The Committee on Ministry strives to achieve the highest possible fulfillment of the congregation's mission through its overall ministry.  It shall (1) make recommendations and give guidance to Trustees, the congregation, and the minister of the health and welfare of the ministry of the congregation; (2) oversee the implementation and administration of the congregation's Covenant for a Healthy Community; (3) guides processes for conflict resolution within the congregation.

The Committee on Ministry shall be composed of five members of the congregation.  Nominees for new members will be chosen by the Board of Trustees for a staggered term from a list of names submitted each year by the Committee and Minister.  The congregation shall elect members from the Board nominations or nominations from the floor at the congregational meeting held to elect officers.  Terms of office shall be for three years and will begin on June 1.  If a vacancy occurs, a new member will be chosen by the Board of Trustees until such time as the vacancy can be filled by a congregational election.

ARTICLE VIII.  INTEREST GROUPS.

Groups of special interest may be constituted by the Program Council as related parts and activities of the Congregation following relevant policy set by the board.   Each group so constituted shall be in sympathy with the purposes and programs of the Congregation.

Each group shall select an advisor or sponsor who shall be the liaison with the Program Council, shall report to the Council when so requested by the Council, and shall interpret to the group the purposes of the Church.  The role of this liaison is to promote two-way communication between the group and the Council.

ARTICLE IX.  AMENDMENTS.

These Bylaws may be amended or repealed by a two-thirds vote of the Trustees which is endorsed by a vote of two-thirds of the full members present and voting at a proper meeting of the members, provided that the text of the proposed change, and of the existing section that it will replace or amend, have been included in the notice of the meeting.

ARTICLE X.  FISCAL YEAR.

The fiscal year shall begin January 1 and end December 31 of the same year.

A financial statement for all funds shall be compiled at the end of each fiscal year.

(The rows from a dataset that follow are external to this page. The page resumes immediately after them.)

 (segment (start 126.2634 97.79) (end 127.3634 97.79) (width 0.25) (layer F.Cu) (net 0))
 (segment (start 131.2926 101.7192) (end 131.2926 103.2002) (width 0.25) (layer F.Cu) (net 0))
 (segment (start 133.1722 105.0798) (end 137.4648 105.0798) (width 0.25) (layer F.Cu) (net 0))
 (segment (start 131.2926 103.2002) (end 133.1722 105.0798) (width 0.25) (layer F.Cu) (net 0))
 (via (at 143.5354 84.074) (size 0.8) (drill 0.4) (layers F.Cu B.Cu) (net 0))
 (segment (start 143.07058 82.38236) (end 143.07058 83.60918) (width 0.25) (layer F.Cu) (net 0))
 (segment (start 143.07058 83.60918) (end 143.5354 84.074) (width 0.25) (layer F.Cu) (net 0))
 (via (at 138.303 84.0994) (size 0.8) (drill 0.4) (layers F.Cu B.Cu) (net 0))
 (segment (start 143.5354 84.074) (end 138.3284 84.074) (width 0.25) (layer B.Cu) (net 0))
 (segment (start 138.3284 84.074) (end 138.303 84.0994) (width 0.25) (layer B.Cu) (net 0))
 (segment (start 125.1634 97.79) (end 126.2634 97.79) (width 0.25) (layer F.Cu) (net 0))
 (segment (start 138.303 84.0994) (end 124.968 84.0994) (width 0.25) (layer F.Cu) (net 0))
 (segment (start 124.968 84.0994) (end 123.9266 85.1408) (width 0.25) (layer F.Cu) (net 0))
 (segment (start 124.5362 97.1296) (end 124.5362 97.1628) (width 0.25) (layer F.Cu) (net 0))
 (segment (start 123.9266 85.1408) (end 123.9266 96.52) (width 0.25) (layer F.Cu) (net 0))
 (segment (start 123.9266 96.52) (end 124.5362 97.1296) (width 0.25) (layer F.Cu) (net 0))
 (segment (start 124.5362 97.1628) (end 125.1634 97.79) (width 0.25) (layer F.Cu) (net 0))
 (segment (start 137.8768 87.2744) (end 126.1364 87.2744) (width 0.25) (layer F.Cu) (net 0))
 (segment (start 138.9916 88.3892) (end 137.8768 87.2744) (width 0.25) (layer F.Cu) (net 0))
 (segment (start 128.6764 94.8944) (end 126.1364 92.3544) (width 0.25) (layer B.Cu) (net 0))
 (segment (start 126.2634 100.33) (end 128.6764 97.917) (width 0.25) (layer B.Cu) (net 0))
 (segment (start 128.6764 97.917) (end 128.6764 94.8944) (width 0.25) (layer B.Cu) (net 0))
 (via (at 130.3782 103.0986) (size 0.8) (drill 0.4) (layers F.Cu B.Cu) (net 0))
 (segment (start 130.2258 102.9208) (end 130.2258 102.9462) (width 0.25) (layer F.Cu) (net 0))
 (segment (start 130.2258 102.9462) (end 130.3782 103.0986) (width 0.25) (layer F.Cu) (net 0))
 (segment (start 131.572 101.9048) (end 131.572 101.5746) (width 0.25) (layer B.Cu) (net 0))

A financial audit of the church will be conducted at the changing of the Treasurer or every three years, whichever comes first.

ARTICLE XI.  FUNDS.

The operating fund consists of pledge income and other revenues to be used for the budget expenses of the Congregation.

The Trustees may from time to time place money in the Endowment Funds.  The receipt, management, and disbursement of Endowment Funds shall be entrusted to the Board of Directors of the Endowment Funds subject to rules specified in the Bylaws for Unitarian Universalist Church Endowment Funds.

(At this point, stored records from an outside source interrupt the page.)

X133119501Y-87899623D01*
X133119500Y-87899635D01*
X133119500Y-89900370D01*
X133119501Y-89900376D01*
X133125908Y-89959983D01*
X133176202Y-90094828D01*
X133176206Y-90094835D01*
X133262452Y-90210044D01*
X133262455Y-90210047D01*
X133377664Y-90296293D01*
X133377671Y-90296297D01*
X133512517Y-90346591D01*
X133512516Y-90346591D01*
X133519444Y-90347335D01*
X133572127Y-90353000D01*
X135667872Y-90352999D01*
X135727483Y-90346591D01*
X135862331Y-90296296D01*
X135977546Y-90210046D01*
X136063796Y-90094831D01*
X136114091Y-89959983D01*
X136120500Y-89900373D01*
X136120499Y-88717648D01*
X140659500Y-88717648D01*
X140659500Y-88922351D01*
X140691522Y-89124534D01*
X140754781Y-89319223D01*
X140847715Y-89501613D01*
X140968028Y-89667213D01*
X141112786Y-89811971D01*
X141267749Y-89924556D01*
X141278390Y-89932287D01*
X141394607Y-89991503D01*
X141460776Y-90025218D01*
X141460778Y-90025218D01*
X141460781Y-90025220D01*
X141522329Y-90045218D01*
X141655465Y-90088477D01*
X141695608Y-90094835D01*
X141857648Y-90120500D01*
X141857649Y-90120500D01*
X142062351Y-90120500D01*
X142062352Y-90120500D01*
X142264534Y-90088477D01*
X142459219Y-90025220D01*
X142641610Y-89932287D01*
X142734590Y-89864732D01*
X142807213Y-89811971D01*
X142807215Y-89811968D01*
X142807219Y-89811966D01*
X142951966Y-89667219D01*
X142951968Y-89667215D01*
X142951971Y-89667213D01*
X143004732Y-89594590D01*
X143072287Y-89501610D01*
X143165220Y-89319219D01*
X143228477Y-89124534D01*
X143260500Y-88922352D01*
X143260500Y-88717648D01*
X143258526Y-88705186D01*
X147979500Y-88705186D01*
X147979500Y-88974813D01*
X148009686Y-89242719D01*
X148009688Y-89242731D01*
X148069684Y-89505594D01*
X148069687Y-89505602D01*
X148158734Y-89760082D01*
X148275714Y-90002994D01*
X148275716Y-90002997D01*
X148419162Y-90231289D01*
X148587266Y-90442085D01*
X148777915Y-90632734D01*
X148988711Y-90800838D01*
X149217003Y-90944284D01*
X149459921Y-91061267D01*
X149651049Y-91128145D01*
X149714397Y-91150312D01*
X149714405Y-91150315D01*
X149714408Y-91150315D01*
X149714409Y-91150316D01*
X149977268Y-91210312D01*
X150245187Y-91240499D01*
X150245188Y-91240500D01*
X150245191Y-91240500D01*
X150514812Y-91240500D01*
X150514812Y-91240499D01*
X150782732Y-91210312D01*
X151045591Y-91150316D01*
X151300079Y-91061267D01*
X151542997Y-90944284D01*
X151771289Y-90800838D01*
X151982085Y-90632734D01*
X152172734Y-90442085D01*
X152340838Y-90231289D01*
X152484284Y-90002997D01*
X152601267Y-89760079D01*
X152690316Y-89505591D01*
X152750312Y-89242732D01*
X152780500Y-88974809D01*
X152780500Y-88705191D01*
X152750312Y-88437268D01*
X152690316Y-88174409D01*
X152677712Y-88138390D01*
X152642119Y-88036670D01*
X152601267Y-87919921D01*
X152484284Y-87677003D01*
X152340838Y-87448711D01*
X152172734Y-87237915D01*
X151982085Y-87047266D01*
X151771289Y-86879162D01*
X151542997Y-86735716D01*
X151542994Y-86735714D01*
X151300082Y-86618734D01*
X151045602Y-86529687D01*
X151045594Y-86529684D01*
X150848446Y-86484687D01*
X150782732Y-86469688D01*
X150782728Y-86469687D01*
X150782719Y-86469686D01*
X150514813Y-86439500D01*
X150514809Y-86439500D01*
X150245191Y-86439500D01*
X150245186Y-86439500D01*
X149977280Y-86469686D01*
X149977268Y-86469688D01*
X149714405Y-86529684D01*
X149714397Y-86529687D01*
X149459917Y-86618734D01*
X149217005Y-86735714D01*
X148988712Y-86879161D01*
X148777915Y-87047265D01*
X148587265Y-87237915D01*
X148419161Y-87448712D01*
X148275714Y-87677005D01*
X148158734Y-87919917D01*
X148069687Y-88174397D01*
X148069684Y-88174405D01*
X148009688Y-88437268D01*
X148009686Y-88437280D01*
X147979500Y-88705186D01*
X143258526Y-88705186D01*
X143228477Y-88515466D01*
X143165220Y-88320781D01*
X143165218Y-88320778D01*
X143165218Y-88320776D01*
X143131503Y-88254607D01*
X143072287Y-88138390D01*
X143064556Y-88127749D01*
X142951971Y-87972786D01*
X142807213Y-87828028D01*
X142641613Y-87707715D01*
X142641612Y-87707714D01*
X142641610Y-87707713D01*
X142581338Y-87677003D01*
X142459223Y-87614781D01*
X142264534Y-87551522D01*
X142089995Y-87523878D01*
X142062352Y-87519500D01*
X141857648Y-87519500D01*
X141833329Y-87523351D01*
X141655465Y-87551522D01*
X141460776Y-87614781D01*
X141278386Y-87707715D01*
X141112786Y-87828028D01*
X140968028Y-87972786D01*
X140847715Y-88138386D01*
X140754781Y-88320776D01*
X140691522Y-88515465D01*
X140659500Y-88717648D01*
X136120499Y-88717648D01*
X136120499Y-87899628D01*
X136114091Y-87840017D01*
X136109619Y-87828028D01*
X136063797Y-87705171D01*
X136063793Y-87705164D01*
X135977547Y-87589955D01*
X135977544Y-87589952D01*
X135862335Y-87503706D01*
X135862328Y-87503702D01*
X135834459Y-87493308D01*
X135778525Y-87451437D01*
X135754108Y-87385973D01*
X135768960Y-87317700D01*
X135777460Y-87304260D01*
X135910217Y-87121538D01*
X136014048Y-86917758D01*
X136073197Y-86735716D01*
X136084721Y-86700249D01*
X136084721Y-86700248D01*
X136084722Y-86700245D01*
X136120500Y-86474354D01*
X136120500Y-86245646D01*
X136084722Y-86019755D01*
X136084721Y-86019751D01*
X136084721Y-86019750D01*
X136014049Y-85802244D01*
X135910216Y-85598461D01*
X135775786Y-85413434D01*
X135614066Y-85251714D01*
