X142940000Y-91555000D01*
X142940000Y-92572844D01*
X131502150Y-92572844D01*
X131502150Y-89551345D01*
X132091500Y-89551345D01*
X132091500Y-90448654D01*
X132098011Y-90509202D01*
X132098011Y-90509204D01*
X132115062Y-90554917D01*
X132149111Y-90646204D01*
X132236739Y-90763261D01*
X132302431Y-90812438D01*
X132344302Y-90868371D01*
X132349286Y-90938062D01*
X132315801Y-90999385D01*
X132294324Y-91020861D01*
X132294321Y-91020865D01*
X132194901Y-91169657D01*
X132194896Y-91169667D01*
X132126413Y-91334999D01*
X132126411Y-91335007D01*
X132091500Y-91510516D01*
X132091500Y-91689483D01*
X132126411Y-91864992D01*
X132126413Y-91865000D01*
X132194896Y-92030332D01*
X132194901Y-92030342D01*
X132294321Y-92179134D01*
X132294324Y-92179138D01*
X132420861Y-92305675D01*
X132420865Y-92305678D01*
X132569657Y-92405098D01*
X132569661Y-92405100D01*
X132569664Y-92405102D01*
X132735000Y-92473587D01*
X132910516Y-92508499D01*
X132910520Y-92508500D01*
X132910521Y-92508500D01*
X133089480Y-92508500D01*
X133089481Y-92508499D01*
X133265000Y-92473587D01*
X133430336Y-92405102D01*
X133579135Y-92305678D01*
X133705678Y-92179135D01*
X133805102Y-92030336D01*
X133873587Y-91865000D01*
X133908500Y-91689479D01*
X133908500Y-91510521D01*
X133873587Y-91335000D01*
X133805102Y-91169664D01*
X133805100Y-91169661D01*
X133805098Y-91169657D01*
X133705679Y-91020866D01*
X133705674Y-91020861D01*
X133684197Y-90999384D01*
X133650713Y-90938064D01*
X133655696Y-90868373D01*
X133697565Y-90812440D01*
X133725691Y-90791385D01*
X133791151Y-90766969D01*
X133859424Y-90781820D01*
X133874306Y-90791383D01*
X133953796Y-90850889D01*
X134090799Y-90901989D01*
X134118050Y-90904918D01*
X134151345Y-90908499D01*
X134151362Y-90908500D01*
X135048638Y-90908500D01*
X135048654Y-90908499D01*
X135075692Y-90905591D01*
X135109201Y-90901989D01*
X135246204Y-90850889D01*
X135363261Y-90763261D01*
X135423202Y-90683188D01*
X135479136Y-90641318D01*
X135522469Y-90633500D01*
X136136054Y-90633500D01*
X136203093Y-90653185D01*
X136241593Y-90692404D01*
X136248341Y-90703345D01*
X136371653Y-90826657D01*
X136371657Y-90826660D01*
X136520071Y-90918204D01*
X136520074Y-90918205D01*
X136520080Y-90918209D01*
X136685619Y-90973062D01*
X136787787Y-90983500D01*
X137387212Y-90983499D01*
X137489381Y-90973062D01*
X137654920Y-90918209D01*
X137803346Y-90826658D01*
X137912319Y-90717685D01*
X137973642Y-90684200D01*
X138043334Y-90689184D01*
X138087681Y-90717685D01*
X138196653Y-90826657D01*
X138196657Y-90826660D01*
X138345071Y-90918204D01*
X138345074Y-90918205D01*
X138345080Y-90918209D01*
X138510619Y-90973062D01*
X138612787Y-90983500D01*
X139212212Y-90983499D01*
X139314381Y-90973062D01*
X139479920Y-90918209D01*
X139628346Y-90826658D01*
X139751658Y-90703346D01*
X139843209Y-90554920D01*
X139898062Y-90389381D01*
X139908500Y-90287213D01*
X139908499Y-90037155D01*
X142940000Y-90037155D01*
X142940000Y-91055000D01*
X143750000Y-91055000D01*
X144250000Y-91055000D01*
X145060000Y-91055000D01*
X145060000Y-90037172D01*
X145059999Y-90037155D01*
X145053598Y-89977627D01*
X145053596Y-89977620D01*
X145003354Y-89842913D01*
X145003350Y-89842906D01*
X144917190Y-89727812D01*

Special Funds may be established by the Trustees for specified purposes.  The investment of the funds shall be handled by the Directors of the Endowment Funds.  These special funds may accumulate from year to year and shall be available for disbursement when requested by the Trustees.

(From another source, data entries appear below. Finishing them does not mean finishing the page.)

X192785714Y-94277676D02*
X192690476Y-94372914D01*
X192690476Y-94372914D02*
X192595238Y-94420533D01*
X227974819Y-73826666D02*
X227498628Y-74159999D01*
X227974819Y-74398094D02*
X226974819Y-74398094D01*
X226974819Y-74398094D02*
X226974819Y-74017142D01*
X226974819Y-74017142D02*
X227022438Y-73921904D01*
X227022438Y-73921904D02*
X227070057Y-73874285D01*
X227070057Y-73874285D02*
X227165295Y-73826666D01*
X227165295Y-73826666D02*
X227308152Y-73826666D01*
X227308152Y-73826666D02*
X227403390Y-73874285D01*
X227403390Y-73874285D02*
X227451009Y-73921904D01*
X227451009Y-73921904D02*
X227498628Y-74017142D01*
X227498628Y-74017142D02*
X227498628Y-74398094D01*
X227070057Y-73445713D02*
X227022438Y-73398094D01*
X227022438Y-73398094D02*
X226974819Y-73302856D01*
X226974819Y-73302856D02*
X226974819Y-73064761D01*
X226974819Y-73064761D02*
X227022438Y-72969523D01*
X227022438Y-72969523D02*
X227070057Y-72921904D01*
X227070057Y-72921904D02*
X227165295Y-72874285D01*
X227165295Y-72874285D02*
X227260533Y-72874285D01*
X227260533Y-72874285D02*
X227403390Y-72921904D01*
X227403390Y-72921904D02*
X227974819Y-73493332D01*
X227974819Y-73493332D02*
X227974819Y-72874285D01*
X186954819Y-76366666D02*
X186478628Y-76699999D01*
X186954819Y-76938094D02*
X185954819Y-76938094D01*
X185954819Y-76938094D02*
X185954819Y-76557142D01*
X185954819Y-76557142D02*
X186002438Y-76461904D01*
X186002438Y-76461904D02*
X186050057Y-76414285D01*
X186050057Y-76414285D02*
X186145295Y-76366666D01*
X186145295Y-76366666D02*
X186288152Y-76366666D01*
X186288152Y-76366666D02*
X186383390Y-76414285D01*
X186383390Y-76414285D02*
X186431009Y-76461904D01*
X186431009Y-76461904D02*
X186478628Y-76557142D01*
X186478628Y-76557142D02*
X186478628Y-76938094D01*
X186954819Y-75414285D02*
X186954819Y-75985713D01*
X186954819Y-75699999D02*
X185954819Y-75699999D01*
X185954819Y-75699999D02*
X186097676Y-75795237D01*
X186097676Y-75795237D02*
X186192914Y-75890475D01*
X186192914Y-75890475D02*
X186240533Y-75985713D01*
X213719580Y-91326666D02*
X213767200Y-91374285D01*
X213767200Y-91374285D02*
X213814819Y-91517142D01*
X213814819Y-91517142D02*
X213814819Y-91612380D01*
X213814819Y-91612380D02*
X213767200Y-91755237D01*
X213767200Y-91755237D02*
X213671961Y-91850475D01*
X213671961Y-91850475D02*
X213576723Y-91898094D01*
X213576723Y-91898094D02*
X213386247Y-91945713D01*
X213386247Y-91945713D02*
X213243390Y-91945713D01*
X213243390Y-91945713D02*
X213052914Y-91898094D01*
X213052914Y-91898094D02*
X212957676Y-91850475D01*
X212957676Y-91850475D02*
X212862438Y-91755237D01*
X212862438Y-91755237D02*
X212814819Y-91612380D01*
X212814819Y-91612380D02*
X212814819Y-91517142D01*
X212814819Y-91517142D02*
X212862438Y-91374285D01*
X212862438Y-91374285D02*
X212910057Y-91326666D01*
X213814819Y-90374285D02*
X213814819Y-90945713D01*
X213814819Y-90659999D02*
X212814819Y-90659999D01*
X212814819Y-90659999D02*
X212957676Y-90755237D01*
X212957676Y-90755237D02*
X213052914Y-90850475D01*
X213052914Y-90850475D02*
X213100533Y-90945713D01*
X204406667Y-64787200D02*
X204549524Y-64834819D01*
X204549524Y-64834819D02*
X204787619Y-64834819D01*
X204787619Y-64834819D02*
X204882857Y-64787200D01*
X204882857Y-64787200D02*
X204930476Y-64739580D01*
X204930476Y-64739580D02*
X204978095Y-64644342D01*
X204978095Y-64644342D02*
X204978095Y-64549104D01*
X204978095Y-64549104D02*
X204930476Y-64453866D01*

ARTICLE XII.  DISSOLUTION.

Should this Church cease to function and the membership vote to disband, any assets of the Congregation will be transferred to the Unitarian Universalist Association, one of its affiliated organizations, or the Heartland Unitarian Universalist District, to be used for general Unitarian Universalist purposes.  This transfer will be made in full compliance with whatever laws are applicable.

ARTICLE XIII  NONDISCRIMINATION.

Membership in and employment by this Congregation, and participation in any of its activities, are open to all regardless of race, ethnicity, gender, sexual orientation, marital status, socioeconomic status, national origins, disability, or age.  The only exception to this article is that, as specified in Article II, members must be sixteen years of age or older.